# DATA FOR PROCESSING:

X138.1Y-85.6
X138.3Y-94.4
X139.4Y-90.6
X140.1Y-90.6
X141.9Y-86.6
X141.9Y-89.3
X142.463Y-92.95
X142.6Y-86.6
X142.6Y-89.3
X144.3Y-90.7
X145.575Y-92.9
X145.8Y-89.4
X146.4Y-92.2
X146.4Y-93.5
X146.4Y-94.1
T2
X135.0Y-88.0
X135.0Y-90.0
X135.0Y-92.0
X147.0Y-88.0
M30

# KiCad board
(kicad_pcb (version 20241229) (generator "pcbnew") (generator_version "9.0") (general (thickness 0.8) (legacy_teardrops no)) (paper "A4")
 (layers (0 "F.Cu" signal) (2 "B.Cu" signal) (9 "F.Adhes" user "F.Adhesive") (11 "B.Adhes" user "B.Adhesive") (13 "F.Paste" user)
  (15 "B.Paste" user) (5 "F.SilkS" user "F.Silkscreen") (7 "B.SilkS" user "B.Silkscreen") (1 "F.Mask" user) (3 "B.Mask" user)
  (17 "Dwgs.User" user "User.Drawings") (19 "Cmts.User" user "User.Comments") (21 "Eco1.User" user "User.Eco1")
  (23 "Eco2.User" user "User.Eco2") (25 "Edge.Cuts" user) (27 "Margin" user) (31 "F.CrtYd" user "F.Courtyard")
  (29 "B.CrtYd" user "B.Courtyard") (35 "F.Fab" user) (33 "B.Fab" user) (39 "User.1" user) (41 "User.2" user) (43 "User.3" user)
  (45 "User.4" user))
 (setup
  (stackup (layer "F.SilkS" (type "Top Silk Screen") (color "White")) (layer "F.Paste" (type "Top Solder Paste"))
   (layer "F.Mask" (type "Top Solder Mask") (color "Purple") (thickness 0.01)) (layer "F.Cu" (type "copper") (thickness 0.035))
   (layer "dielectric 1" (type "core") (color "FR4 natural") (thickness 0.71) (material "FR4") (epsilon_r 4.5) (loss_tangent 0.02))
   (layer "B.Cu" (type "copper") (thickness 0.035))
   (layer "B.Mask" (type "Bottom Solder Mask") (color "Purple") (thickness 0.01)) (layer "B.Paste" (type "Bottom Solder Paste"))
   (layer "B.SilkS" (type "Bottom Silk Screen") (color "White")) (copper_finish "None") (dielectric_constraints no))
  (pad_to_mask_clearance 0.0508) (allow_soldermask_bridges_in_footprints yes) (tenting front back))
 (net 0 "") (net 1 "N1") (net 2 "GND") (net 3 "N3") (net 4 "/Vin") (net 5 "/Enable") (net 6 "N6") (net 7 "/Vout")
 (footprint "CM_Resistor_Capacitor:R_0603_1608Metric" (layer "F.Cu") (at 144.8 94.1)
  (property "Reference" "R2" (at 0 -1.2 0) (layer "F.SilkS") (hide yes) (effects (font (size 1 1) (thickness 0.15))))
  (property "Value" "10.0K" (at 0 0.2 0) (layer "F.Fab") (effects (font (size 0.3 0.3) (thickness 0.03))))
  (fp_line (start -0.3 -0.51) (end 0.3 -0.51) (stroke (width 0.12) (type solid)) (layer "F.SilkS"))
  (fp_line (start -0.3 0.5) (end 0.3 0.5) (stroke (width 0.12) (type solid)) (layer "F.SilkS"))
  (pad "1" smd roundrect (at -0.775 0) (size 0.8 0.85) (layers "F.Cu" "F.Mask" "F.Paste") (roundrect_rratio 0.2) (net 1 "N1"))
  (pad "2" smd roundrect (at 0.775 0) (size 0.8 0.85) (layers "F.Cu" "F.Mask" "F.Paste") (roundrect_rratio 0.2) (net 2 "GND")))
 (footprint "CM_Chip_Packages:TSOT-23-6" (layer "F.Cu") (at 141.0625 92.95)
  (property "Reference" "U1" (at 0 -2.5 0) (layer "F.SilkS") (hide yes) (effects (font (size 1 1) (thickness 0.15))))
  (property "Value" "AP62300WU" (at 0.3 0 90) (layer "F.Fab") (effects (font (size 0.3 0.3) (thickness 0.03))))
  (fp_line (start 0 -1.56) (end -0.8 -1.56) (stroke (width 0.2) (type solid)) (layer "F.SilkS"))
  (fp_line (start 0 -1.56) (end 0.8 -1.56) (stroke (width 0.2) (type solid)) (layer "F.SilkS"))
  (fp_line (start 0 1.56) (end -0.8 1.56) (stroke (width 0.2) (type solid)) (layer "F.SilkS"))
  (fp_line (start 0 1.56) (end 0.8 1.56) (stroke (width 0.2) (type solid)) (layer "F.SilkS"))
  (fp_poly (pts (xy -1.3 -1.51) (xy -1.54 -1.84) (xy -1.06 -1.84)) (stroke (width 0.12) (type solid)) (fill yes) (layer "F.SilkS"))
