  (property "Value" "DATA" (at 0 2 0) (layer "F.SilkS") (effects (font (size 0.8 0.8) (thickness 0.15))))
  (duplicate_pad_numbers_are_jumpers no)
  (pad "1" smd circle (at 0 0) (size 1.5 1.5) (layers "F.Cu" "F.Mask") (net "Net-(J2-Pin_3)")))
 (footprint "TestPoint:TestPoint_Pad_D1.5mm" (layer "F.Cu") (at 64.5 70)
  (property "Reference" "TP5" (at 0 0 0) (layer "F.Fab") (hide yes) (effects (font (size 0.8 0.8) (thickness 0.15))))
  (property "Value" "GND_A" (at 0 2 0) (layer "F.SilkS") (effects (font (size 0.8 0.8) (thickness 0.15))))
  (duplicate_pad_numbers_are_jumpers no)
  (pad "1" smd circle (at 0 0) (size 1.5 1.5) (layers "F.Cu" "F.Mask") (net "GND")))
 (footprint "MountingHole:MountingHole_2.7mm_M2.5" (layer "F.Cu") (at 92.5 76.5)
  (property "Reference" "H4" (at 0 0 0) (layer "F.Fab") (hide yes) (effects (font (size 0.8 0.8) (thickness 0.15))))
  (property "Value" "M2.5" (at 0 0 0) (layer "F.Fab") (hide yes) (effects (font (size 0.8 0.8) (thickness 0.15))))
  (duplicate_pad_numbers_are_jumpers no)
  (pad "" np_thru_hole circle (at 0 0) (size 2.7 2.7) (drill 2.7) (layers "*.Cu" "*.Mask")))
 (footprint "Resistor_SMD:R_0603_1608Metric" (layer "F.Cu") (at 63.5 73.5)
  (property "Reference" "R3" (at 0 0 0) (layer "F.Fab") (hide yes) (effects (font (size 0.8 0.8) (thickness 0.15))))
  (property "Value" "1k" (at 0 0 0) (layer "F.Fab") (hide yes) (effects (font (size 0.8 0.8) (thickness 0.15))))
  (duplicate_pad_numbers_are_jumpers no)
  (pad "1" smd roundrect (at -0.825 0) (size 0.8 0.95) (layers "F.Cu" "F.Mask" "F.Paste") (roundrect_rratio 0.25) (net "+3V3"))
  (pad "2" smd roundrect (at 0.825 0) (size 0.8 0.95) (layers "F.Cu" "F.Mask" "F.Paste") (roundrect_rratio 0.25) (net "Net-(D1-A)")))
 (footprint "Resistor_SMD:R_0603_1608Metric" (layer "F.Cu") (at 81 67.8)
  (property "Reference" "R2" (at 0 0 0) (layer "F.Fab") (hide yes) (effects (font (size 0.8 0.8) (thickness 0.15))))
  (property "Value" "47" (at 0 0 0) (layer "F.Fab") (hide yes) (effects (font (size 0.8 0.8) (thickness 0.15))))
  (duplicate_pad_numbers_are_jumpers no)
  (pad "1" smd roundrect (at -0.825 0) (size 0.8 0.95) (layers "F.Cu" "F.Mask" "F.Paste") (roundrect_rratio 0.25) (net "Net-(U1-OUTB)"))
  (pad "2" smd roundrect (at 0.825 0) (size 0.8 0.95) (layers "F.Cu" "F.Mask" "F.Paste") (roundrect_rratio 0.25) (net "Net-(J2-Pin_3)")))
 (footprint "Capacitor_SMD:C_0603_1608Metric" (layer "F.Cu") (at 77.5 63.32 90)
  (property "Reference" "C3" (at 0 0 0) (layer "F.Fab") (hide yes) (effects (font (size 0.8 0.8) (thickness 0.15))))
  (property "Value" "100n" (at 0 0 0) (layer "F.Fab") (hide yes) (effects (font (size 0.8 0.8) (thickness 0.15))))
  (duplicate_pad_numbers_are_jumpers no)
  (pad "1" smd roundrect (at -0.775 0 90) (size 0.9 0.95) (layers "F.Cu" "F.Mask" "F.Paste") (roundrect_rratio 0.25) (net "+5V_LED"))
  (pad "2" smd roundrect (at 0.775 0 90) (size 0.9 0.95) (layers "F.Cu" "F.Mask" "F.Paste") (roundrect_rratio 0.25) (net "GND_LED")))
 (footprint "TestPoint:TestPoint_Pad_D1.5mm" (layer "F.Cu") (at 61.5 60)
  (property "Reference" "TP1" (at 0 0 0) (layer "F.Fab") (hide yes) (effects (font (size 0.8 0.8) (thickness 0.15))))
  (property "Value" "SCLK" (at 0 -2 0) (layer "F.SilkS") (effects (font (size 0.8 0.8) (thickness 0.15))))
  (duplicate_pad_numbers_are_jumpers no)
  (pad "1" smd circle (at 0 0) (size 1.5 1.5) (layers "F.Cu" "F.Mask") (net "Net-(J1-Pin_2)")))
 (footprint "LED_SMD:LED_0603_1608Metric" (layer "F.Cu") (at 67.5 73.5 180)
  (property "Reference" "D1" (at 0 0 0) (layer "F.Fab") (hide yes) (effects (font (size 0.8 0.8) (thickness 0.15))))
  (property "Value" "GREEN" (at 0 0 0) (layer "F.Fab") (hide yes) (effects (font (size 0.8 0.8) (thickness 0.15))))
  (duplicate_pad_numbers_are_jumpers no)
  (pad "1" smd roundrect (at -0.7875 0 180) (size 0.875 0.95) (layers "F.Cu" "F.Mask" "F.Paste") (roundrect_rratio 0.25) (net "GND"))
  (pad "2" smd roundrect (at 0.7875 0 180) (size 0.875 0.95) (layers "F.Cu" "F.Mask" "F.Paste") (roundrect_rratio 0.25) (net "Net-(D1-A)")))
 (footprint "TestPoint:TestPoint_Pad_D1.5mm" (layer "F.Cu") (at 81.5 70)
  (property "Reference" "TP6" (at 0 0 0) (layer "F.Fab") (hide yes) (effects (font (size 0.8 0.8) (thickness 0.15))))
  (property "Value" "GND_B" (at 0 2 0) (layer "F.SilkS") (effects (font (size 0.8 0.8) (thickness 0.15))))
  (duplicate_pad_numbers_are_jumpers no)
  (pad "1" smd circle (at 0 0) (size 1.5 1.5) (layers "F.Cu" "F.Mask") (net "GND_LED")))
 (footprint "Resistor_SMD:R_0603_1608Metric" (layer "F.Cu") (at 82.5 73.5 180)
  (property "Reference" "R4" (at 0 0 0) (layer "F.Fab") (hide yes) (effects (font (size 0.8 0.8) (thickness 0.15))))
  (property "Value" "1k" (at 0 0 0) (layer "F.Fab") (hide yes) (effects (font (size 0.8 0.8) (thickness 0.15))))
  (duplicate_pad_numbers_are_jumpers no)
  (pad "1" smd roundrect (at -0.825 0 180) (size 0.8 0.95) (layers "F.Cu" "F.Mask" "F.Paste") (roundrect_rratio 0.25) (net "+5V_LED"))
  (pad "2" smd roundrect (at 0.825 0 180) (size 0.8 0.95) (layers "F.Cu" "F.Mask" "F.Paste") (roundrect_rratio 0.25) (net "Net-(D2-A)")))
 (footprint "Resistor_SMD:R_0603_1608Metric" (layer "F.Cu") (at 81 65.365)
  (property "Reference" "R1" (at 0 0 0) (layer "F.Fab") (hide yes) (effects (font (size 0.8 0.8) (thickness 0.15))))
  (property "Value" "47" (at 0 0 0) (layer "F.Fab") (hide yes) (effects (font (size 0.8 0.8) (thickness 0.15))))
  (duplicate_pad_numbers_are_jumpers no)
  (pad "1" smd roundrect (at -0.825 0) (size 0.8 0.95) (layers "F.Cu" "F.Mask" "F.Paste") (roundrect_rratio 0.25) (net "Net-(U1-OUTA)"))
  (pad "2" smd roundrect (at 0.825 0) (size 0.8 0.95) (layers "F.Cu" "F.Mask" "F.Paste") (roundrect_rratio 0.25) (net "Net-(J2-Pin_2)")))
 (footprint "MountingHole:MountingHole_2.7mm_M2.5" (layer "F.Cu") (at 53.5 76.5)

# WHAT YOU HAVE TO DO:
All lines of the material that contain the word "width" should be listed.

# WRITTEN SOLUTION:
  (fp_line (start -0.3 -0.51) (end 0.3 -0.51) (stroke (width 0.12) (type solid)) (layer "F.SilkS"))
  (fp_line (start -0.3 0.5) (end 0.3 0.5) (stroke (width 0.12) (type solid)) (layer "F.SilkS"))
  (fp_line (start 0 -1.56) (end -0.8 -1.56) (stroke (width 0.2) (type solid)) (layer "F.SilkS"))
  (fp_line (start 0 -1.56) (end 0.8 -1.56) (stroke (width 0.2) (type solid)) (layer "F.SilkS"))
  (fp_line (start 0 1.56) (end -0.8 1.56) (stroke (width 0.2) (type solid)) (layer "F.SilkS"))
  (fp_line (start 0 1.56) (end 0.8 1.56) (stroke (width 0.2) (type solid)) (layer "F.SilkS"))
  (fp_poly (pts (xy -1.3 -1.51) (xy -1.54 -1.84) (xy -1.06 -1.84)) (stroke (width 0.12) (type solid)) (fill yes) (layer "F.SilkS"))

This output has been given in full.